The statistical technique used was Ridge and Lasso’s linear regression was selected because of its frequent use, presenting efficient results in multiple cases17.

Ridge and Lasso’s linear regression

Linear regression is a statistical method that attempts to model the linear relationship between a continuous or dependent variable of the predictor variables. A linear equation is used to perform the corresponding adjustment.

In the preprocessing, the Ridge model is integrated, the hyper parameters are optimized and a search is performed with the Random Grid. The evolution of the error is shown in Fig. 5.

Figure 5
figure 5

Error evolution.

Results

The results obtained from the four machine learning techniques and the statistical regression technique used and explained above were adjusted to obtain competitive results.

Acceptable reliability results were obtained in each of the implemented techniques as shown in Fig. 6 where the reliability was higher than 91%.

Figure 6
figure 6

Final results of the techniques.

The results show that the techniques used had results below the percentage of error established as a convergence criterion of 10%. As for processing times, tests were carried out on three different computers with different characteristics. Table 3 shows the characteristics of each of the computers used. Table 4 shows the processing time in each piece of equipment corresponding to the implemented techniques.

Table 3 Computer equipment characteristics.
Table 4 Processing times in seconds.

The ANNs were trained in the shortest time and equipment with characteristics that most of them have access to, in the case of the random forest, for the established data, it was observed that in the equipment used only the supercomputer obtained results, the rest after starting the process were blocked and after several hours or even days, they did not conclude the training.

As the neural networks obtained the best results in the shortest time, several tests were carried out to search and compare the characteristics and attributes of the perceptron that influenced the reliability, the tests started with the number of layers and hidden neurons, and the test was complemented with the optimization algorithm and the activation function.

Conclusions

School dropouts are a current problem in our country and around the world. In the current context, its increase as a result of the COVID-19 pandemic is evident.

To address this problem at the secondary and higher educational levels in Mexico, through the implementation of Machine Learning techniques, such as the development of ANN, results were obtained with a reliability of 99%, the Vector Machines support, Bayesian Optimization, and Random forest, and the statistical technique Linear Regression Ridge and Lasso managed to obtain results with high reliability of over 91%. The model that is decided to implement will be very useful to address desertion.

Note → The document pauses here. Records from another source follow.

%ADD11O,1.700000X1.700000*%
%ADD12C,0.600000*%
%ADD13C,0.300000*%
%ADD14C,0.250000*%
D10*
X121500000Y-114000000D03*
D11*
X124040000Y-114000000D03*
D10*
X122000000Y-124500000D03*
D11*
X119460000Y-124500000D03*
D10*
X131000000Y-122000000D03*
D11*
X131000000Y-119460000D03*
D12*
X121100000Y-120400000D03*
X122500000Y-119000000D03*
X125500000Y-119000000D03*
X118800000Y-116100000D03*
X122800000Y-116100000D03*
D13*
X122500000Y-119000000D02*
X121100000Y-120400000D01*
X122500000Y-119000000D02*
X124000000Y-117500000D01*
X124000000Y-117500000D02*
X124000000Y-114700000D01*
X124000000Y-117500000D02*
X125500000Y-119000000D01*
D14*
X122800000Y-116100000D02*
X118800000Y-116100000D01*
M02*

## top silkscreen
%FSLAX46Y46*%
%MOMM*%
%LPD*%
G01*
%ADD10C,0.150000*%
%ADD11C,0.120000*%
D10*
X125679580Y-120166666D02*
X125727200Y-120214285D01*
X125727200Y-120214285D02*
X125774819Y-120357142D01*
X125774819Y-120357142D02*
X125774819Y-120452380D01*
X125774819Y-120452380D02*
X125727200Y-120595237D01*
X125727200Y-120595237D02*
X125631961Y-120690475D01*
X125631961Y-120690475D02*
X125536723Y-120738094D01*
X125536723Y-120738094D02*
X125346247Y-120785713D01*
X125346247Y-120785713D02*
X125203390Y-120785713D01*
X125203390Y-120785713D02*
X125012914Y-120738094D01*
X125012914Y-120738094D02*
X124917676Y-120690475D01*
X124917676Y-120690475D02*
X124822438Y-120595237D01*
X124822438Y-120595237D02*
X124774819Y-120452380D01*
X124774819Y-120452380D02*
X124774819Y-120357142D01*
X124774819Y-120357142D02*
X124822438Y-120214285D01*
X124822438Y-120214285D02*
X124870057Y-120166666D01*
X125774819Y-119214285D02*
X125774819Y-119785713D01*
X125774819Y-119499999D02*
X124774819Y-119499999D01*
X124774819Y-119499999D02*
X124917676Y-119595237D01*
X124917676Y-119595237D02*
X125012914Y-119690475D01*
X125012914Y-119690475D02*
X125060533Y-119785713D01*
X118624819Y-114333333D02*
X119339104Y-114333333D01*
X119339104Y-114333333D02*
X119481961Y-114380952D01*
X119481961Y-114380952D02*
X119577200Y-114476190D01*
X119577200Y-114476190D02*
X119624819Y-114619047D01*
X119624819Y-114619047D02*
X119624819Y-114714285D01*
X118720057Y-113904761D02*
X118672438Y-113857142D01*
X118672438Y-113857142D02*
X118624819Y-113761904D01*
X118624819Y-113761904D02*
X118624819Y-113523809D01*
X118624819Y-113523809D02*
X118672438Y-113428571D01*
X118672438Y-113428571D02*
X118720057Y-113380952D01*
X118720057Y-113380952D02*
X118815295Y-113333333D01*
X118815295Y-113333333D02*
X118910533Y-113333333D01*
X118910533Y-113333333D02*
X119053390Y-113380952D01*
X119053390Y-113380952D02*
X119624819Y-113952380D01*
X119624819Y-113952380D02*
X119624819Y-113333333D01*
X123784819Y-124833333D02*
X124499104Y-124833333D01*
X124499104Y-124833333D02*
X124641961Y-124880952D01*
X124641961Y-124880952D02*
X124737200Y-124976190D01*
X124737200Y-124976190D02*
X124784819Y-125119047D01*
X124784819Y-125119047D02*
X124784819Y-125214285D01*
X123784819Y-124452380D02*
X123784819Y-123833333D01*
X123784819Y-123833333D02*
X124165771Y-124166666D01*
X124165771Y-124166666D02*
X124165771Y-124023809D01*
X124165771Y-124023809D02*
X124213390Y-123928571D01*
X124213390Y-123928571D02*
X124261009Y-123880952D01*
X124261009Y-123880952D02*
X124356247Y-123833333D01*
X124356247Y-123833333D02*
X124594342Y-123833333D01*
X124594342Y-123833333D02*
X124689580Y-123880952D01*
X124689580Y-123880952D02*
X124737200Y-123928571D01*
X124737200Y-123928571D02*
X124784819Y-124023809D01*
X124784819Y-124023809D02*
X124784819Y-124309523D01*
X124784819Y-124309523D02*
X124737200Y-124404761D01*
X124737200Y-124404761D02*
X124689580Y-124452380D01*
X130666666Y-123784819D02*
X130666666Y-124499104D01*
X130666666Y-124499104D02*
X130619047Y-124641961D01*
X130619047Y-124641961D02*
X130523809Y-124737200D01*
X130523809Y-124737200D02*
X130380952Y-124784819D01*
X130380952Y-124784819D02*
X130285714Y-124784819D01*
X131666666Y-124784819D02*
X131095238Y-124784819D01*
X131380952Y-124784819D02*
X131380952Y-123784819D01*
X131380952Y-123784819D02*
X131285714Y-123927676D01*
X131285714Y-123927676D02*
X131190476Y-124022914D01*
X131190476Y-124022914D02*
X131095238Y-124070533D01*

More than one million records were processed which served as training in each technique. Considering the results of reliability and processing time. The ANN was the technique that presented the highest reliability with 99%. Multiple tests were carried out with two different activation functions, varying the structure of the network, the optimization algorithm, the iterations, and the penalty parameter, highlighting the Rectified Linear Unit (relu) activation function and the ADAM optimization algorithm. Of the five models, the one that requires the most computing power to process is Random Forest.

Each of the Machine Learning techniques implemented, allows us to identify the probability that a young person may be at risk of dropping out, for reasons beyond his control, who is in a vulnerable situation in continuing his studies at the upper secondary level or higher, and what federal and educational institutions can provide support for its improvement.

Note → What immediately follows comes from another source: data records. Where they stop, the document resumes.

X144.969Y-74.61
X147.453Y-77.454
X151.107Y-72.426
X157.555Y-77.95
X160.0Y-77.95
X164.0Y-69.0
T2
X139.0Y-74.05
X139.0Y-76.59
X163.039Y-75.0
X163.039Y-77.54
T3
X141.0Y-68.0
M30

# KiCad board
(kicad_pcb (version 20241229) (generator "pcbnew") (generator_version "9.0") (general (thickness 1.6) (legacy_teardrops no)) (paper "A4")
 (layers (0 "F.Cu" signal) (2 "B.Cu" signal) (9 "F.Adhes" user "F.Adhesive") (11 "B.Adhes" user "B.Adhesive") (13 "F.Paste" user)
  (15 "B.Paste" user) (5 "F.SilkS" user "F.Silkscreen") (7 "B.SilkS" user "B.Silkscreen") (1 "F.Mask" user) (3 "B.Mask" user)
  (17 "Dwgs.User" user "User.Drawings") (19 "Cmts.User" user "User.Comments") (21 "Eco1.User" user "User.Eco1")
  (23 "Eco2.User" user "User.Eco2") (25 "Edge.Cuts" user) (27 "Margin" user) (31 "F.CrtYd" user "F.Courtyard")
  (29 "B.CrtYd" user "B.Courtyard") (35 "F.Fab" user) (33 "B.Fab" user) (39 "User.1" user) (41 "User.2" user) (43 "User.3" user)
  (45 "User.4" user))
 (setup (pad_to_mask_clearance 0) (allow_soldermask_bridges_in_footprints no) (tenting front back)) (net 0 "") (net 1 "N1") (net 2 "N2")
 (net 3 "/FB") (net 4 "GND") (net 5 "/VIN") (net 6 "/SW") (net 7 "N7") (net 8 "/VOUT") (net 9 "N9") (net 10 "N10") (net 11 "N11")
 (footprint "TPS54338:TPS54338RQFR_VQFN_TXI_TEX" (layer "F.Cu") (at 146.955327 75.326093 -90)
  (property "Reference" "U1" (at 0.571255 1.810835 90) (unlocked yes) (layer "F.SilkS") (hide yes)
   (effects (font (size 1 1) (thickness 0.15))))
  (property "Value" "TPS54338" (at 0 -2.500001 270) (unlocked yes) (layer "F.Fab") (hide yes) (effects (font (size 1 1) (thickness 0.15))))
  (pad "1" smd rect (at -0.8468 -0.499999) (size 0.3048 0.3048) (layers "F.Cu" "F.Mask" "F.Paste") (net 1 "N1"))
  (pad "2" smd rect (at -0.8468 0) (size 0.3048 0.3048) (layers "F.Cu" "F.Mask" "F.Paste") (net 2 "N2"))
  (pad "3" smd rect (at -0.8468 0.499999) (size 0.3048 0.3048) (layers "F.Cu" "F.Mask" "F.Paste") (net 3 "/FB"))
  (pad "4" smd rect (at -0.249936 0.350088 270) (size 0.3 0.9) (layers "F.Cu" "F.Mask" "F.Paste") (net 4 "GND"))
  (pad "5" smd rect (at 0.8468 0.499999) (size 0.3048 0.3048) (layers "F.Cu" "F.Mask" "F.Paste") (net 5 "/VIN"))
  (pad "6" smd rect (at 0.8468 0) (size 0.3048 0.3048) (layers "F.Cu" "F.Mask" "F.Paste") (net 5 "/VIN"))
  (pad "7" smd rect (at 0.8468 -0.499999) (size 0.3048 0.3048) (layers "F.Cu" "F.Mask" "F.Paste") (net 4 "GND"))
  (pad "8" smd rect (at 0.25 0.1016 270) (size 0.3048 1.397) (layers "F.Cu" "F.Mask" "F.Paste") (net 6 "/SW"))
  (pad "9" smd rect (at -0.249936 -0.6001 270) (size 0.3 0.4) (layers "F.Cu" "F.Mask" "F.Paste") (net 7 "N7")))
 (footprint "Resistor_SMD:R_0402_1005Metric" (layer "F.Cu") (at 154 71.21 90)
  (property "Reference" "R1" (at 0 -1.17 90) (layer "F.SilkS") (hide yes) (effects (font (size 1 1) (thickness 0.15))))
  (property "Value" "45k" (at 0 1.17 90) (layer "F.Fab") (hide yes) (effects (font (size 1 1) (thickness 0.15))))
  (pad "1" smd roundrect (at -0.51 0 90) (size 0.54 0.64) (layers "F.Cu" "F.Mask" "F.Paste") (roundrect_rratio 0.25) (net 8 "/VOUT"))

It is worth developing models that allow improving social problems such as school dropouts, applying them and trying to direct each social program of educational institutions and the government; as well as joining forces with the objective that people who need it can reduce the gaps and equalize opportunities for study and professional growth for the entire society, which is a core task.

To complement future work, it is expected to develop an open platform that allows each institution to achieve the appropriate diagnosis to provide the support that each student requires.